Roger Fishbite
- Author: Emily Prager
- Language: English
- Genre: Fiction
- Publisher: Random House
- Publication date: November 1999
- Publication place: United States
- Media type: Print
- Pages: 187
- ISBN: 9780679410539
- OCLC: 39143159
- Dewey Decimal: 813.54
- LC Class: PS3566.R25

= Roger Fishbite =

1999 novel by Emily Prager

Roger Fishbite is a novel by the American writer and journalist Emily Prager, which was published in 1999.

== Themes and literary connections ==
The novel was written partly as a literary parody of Vladimir Nabokov's 1955 novel Lolita, partly as a "reply both to the book and to the icon that the character Lolita has become." It tells the story of thirteen-year-old Lucky Lady Linderhoff, and her mother, and their lodger, whom Lucky calls Roger Fishbite.

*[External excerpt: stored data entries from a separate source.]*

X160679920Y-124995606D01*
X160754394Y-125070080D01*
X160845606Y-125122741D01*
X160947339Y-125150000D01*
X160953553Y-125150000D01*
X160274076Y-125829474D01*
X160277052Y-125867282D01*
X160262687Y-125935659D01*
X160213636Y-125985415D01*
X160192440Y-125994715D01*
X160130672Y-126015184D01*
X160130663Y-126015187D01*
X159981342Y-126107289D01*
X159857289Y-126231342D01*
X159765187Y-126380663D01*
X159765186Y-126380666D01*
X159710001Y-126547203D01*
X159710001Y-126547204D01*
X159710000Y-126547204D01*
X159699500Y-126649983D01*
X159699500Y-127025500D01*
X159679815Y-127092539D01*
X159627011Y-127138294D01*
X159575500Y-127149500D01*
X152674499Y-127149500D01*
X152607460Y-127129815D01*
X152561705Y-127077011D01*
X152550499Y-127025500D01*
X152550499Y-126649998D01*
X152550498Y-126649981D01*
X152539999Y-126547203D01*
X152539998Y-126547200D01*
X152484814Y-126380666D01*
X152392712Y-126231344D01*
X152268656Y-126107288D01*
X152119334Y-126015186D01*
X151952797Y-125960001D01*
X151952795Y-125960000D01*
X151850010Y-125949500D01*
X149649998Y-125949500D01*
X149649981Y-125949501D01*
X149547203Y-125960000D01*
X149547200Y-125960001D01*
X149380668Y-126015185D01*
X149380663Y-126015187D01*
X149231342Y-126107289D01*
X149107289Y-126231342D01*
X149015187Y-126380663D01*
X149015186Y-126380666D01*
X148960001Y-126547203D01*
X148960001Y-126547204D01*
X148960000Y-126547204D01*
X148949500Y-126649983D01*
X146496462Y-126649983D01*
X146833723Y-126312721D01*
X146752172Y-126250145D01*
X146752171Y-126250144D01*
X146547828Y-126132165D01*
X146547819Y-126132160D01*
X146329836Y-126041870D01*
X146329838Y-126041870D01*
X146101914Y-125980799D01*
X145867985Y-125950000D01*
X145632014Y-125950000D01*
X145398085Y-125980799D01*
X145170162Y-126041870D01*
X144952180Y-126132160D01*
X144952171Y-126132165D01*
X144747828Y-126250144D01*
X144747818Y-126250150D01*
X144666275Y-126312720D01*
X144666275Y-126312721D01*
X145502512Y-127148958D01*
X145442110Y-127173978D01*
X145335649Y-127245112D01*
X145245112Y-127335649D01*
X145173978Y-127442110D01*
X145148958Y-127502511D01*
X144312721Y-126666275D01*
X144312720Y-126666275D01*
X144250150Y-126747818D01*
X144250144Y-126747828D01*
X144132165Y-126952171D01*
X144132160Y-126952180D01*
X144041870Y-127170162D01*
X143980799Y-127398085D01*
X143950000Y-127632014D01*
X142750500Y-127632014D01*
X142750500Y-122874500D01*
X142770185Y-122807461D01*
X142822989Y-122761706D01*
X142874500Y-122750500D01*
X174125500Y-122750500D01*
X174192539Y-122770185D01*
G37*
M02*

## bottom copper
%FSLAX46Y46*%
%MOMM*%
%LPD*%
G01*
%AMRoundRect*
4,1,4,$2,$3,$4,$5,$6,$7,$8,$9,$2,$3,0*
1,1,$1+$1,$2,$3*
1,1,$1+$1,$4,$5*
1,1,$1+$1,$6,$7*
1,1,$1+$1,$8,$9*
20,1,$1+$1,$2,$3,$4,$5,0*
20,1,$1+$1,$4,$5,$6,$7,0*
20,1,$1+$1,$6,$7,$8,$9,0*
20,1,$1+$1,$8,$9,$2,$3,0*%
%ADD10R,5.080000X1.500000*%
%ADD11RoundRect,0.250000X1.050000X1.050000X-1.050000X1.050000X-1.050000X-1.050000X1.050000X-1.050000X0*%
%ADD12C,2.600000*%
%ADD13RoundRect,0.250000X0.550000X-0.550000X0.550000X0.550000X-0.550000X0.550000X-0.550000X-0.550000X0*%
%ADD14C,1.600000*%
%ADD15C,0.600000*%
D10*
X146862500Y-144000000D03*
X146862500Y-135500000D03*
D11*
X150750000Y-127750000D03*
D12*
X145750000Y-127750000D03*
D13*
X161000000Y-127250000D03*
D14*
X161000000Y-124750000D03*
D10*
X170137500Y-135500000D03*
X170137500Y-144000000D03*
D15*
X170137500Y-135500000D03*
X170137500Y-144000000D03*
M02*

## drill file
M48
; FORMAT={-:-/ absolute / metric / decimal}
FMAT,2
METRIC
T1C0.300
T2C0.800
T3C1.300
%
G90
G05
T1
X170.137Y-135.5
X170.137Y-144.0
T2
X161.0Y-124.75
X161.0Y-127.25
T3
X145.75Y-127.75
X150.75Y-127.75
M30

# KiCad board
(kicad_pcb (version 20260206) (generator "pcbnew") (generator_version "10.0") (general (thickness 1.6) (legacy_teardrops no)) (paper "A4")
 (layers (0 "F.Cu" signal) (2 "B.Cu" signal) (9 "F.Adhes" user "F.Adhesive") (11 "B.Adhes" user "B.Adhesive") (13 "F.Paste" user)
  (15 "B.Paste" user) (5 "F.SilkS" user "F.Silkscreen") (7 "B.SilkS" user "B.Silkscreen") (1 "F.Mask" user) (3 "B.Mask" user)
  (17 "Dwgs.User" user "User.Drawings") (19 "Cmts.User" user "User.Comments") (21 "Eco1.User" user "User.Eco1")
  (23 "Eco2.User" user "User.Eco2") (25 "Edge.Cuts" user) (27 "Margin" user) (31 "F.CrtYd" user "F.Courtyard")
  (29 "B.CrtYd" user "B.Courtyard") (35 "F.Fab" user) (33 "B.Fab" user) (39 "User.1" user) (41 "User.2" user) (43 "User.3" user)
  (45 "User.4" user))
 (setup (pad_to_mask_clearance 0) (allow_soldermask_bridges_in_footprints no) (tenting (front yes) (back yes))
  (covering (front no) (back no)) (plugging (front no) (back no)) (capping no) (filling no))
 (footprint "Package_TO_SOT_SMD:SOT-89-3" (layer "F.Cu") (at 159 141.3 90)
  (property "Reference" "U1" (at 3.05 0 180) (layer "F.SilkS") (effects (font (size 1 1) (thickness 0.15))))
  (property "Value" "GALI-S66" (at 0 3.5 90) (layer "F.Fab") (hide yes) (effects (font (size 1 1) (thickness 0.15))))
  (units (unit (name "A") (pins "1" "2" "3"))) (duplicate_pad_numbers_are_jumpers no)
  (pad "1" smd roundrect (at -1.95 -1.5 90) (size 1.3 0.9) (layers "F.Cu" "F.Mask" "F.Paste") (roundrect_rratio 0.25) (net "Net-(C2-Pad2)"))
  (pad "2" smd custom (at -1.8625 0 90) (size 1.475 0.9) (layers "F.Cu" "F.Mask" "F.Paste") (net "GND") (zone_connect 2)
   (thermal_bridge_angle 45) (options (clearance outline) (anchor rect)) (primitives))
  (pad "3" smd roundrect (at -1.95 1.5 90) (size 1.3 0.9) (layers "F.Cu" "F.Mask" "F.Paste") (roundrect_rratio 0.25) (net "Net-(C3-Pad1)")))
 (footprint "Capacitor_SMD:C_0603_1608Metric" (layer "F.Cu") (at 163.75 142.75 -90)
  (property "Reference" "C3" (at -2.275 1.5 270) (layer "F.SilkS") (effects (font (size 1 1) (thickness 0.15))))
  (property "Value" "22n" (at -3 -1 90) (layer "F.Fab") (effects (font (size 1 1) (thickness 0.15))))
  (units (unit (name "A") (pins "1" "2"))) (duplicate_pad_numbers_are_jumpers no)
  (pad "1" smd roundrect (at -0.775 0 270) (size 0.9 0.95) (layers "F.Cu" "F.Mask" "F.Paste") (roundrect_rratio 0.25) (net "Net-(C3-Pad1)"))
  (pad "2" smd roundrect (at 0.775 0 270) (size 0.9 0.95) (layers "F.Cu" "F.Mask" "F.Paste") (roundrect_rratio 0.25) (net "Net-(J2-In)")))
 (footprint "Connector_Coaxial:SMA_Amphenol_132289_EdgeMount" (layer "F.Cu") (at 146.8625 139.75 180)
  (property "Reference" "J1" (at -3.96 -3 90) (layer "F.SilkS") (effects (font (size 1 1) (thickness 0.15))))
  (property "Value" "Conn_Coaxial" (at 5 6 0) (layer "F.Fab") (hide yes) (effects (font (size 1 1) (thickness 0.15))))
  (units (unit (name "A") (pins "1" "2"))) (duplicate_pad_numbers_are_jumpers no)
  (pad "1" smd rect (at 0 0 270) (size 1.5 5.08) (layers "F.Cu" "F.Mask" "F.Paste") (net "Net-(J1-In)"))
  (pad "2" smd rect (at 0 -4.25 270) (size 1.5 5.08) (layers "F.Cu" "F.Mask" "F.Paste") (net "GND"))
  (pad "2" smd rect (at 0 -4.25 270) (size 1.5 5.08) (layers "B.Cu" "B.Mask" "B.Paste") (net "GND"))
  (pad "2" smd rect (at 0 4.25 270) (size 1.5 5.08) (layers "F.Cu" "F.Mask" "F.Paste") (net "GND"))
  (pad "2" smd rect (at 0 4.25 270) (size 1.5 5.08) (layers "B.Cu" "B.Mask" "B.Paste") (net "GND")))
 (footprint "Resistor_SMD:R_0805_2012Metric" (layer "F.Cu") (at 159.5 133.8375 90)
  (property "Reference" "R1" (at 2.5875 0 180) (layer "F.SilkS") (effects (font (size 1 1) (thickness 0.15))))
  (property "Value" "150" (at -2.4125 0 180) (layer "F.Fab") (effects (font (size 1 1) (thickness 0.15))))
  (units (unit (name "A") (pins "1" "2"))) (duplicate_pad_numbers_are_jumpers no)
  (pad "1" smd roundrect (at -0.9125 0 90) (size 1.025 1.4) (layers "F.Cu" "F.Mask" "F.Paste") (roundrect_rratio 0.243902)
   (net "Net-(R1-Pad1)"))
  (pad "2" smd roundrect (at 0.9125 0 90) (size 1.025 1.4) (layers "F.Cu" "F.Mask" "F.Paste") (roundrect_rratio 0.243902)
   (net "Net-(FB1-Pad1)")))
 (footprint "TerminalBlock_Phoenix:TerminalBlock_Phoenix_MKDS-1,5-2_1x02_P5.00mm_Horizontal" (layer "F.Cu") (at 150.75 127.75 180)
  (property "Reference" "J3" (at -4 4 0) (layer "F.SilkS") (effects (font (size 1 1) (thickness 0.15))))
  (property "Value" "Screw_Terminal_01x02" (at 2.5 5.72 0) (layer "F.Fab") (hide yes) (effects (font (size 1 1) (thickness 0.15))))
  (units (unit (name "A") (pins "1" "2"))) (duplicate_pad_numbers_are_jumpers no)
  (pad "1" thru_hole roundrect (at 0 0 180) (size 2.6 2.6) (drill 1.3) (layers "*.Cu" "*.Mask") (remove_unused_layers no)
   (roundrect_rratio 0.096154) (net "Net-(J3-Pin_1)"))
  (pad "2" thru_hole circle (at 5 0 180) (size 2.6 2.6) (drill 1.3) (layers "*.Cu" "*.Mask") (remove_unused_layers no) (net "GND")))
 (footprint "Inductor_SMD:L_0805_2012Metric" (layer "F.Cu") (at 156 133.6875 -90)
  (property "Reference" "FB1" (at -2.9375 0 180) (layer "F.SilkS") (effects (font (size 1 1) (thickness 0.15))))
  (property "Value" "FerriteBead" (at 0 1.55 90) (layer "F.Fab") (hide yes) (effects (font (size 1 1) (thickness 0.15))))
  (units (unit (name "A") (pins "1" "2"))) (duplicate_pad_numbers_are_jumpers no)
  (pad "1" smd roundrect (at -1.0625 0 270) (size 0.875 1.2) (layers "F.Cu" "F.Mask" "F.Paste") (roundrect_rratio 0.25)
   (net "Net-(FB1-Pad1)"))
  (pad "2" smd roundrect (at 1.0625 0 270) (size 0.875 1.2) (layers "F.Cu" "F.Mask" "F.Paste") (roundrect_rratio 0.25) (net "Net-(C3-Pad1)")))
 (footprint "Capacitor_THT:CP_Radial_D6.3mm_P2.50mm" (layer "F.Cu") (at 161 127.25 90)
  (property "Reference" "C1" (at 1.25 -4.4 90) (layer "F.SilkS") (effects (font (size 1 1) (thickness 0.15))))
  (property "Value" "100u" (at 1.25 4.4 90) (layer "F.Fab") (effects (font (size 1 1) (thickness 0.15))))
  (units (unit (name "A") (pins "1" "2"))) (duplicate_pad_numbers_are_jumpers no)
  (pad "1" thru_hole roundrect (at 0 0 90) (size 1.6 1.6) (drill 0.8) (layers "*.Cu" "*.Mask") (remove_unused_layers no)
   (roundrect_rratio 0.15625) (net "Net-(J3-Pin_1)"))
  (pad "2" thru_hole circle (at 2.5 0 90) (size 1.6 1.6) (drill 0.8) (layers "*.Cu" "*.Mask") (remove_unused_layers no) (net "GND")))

While taking its inspiration from Nabokov's Lolita, Prager's novel is narrated by Lucky, not Fishbite, and displays a number of twists and turns that differ from the original text. Prager also updates the story, setting it in the modern-day period, rather than choosing to set it in the 1950s.

==Reviews==
At the heart of the novel is the issue that Lucky raises constantly throughout: The way in which children in America (and western society in general, I would add) are hated and feared by a society that seeks to eroticise them whilst at the same time destroying them.

What prevents the novel from devolving into an inside joke is the enthralling voice of Lucky Linderhof, who, at nearly 15, tells her tale with the world-weariness befitting an elder statesman of child abuse.